### Your task
Sort through the entries below and pull out lines containing the word "user".
*** Opening of Data ***
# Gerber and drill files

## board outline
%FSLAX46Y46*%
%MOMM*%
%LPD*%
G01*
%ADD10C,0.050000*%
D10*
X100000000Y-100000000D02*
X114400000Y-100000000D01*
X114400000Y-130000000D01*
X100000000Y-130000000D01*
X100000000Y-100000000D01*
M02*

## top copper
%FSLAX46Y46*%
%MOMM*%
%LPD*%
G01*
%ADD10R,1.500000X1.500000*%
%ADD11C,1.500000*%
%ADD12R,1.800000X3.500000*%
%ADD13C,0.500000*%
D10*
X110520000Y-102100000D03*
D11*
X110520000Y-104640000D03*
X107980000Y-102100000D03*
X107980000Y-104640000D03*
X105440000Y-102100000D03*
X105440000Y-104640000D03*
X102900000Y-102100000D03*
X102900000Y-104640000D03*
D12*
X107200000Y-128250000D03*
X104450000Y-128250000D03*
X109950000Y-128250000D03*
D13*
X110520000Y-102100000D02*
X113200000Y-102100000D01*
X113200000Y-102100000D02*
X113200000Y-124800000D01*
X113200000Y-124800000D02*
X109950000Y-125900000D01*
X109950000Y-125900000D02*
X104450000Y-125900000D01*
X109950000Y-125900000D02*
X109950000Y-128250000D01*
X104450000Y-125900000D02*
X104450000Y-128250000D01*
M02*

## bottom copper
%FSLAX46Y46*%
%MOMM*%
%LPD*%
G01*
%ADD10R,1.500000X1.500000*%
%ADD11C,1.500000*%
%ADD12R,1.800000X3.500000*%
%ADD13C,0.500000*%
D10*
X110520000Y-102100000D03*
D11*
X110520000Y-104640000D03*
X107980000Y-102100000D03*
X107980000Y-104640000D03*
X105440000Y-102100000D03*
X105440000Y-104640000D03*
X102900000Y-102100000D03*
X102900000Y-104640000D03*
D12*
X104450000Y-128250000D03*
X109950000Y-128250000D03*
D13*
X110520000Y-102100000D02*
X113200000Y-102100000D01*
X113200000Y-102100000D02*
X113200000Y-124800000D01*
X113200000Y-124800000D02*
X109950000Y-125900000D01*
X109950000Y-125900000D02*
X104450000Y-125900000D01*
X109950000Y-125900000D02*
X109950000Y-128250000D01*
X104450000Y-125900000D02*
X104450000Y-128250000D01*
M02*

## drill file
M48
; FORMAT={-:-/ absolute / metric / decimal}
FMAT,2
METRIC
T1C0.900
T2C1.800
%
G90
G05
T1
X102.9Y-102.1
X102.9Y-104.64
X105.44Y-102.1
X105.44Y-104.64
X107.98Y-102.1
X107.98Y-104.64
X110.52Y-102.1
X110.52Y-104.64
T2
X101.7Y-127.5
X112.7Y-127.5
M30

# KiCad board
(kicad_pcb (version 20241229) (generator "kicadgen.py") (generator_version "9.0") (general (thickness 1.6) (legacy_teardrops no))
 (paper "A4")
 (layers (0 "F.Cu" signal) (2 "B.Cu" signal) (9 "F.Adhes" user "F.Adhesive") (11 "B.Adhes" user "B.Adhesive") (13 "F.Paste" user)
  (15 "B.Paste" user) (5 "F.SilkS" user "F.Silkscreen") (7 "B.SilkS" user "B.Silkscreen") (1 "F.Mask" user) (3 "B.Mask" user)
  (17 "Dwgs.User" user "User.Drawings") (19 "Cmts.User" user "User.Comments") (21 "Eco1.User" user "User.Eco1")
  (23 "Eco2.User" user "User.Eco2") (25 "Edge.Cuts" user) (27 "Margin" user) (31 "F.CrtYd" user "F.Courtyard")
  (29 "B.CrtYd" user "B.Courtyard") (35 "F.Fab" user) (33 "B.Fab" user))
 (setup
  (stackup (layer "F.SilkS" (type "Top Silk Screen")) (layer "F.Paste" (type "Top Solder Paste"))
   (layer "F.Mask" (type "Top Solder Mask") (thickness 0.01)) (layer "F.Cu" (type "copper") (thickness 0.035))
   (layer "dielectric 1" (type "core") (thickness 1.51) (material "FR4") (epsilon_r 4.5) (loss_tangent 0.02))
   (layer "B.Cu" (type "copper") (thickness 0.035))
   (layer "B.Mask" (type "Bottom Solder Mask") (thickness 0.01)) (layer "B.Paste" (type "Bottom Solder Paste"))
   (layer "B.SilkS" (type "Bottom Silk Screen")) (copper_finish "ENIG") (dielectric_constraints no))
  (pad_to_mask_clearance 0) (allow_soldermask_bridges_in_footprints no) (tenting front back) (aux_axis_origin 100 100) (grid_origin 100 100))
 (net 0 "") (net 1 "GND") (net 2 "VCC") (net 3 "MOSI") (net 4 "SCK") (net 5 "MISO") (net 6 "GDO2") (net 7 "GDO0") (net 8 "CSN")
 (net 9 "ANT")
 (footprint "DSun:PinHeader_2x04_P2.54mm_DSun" (layer "F.Cu") (at 110.52 102.1)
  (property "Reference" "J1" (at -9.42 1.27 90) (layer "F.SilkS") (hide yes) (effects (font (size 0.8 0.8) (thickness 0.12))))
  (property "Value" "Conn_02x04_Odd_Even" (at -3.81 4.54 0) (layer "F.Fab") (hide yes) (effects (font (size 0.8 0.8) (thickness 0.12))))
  (pad "1" thru_hole rect (at 0 0) (size 1.5 1.5) (drill 0.9) (layers "*.Cu" "*.Mask") (remove_unused_layers no) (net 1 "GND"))
  (pad "2" thru_hole circle (at 0 2.54) (size 1.5 1.5) (drill 0.9) (layers "*.Cu" "*.Mask") (remove_unused_layers no) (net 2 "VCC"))
  (pad "3" thru_hole circle (at -2.54 0) (size 1.5 1.5) (drill 0.9) (layers "*.Cu" "*.Mask") (remove_unused_layers no) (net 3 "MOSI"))
  (pad "4" thru_hole circle (at -2.54 2.54) (size 1.5 1.5) (drill 0.9) (layers "*.Cu" "*.Mask") (remove_unused_layers no) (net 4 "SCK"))
  (pad "5" thru_hole circle (at -5.08 0) (size 1.5 1.5) (drill 0.9) (layers "*.Cu" "*.Mask") (remove_unused_layers no) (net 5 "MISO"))
  (pad "6" thru_hole circle (at -5.08 2.54) (size 1.5 1.5) (drill 0.9) (layers "*.Cu" "*.Mask") (remove_unused_layers no) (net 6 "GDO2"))
  (pad "7" thru_hole circle (at -7.62 0) (size 1.5 1.5) (drill 0.9) (layers "*.Cu" "*.Mask") (remove_unused_layers no) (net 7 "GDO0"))
  (pad "8" thru_hole circle (at -7.62 2.54) (size 1.5 1.5) (drill 0.9) (layers "*.Cu" "*.Mask") (remove_unused_layers no) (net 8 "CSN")))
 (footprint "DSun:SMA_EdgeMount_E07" (layer "F.Cu") (at 107.2 130)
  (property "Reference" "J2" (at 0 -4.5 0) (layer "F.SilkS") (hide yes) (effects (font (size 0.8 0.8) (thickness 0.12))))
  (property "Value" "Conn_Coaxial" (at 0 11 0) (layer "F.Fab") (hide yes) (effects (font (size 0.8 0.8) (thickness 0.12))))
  (pad "1" smd rect (at 0 -1.75) (size 1.8 3.5) (layers "F.Cu" "F.Mask" "F.Paste") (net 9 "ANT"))
  (pad "2" smd rect (at -2.75 -1.75) (size 1.8 3.5) (layers "F.Cu" "F.Mask" "F.Paste") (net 1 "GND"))
  (pad "2" smd rect (at -2.75 -1.75) (size 1.8 3.5) (layers "B.Cu" "B.Mask" "B.Paste") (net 1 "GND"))
  (pad "2" smd rect (at 2.75 -1.75) (size 1.8 3.5) (layers "F.Cu" "F.Mask" "F.Paste") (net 1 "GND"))
  (pad "2" smd rect (at 2.75 -1.75) (size 1.8 3.5) (layers "B.Cu" "B.Mask" "B.Paste") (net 1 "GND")))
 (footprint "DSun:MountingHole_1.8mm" (layer "F.Cu") (at 101.7 127.5)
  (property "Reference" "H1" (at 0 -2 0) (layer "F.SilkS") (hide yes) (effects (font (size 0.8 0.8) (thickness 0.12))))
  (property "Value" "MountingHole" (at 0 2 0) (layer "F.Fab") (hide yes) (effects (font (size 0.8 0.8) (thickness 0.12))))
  (pad "1" np_thru_hole circle (at 0 0) (size 1.8 1.8) (drill 1.8) (layers "*.Cu" "*.Mask")))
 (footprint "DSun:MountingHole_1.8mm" (layer "F.Cu") (at 112.7 127.5)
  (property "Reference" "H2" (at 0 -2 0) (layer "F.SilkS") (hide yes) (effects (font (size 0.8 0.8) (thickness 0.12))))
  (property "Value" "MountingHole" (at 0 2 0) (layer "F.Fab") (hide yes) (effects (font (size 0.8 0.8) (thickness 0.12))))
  (pad "1" np_thru_hole circle (at 0 0) (size 1.8 1.8) (drill 1.8) (layers "*.Cu" "*.Mask")))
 (gr_rect (start 100 100) (end 114.4 130) (stroke (width 0.05) (type solid)) (fill no) (layer "Edge.Cuts"))
 (segment (start 110.52 102.1) (end 113.2 102.1) (width 0.5) (layer "F.Cu") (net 1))
 (segment (start 113.2 102.1) (end 113.2 124.8) (width 0.5) (layer "F.Cu") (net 1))
 (segment (start 113.2 124.8) (end 109.95 125.9) (width 0.5) (layer "F.Cu") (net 1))
 (segment (start 109.95 125.9) (end 104.45 125.9) (width 0.5) (layer "F.Cu") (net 1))
 (segment (start 109.95 125.9) (end 109.95 128.25) (width 0.5) (layer "F.Cu") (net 1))
 (segment (start 104.45 125.9) (end 104.45 128.25) (width 0.5) (layer "F.Cu") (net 1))
 (segment (start 110.52 102.1) (end 113.2 102.1) (width 0.5) (layer "B.Cu") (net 1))
 (segment (start 113.2 102.1) (end 113.2 124.8) (width 0.5) (layer "B.Cu") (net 1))
 (segment (start 113.2 124.8) (end 109.95 125.9) (width 0.5) (layer "B.Cu") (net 1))
 (segment (start 109.95 125.9) (end 104.45 125.9) (width 0.5) (layer "B.Cu") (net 1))
 (segment (start 109.95 125.9) (end 109.95 128.25) (width 0.5) (layer "B.Cu") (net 1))
 (segment (start 104.45 125.9) (end 104.45 128.25) (width 0.5) (layer "B.Cu") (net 1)))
*** Close of Data ***
### Solution to this problem
 (layers (0 "F.Cu" signal) (2 "B.Cu" signal) (9 "F.Adhes" user "F.Adhesive") (11 "B.Adhes" user "B.Adhesive") (13 "F.Paste" user)
  (15 "B.Paste" user) (5 "F.SilkS" user "F.Silkscreen") (7 "B.SilkS" user "B.Silkscreen") (1 "F.Mask" user) (3 "B.Mask" user)
  (17 "Dwgs.User" user "User.Drawings") (19 "Cmts.User" user "User.Comments") (21 "Eco1.User" user "User.Eco1")
  (23 "Eco2.User" user "User.Eco2") (25 "Edge.Cuts" user) (27 "Margin" user) (31 "F.CrtYd" user "F.Courtyard")
  (29 "B.CrtYd" user "B.Courtyard") (35 "F.Fab" user) (33 "B.Fab" user))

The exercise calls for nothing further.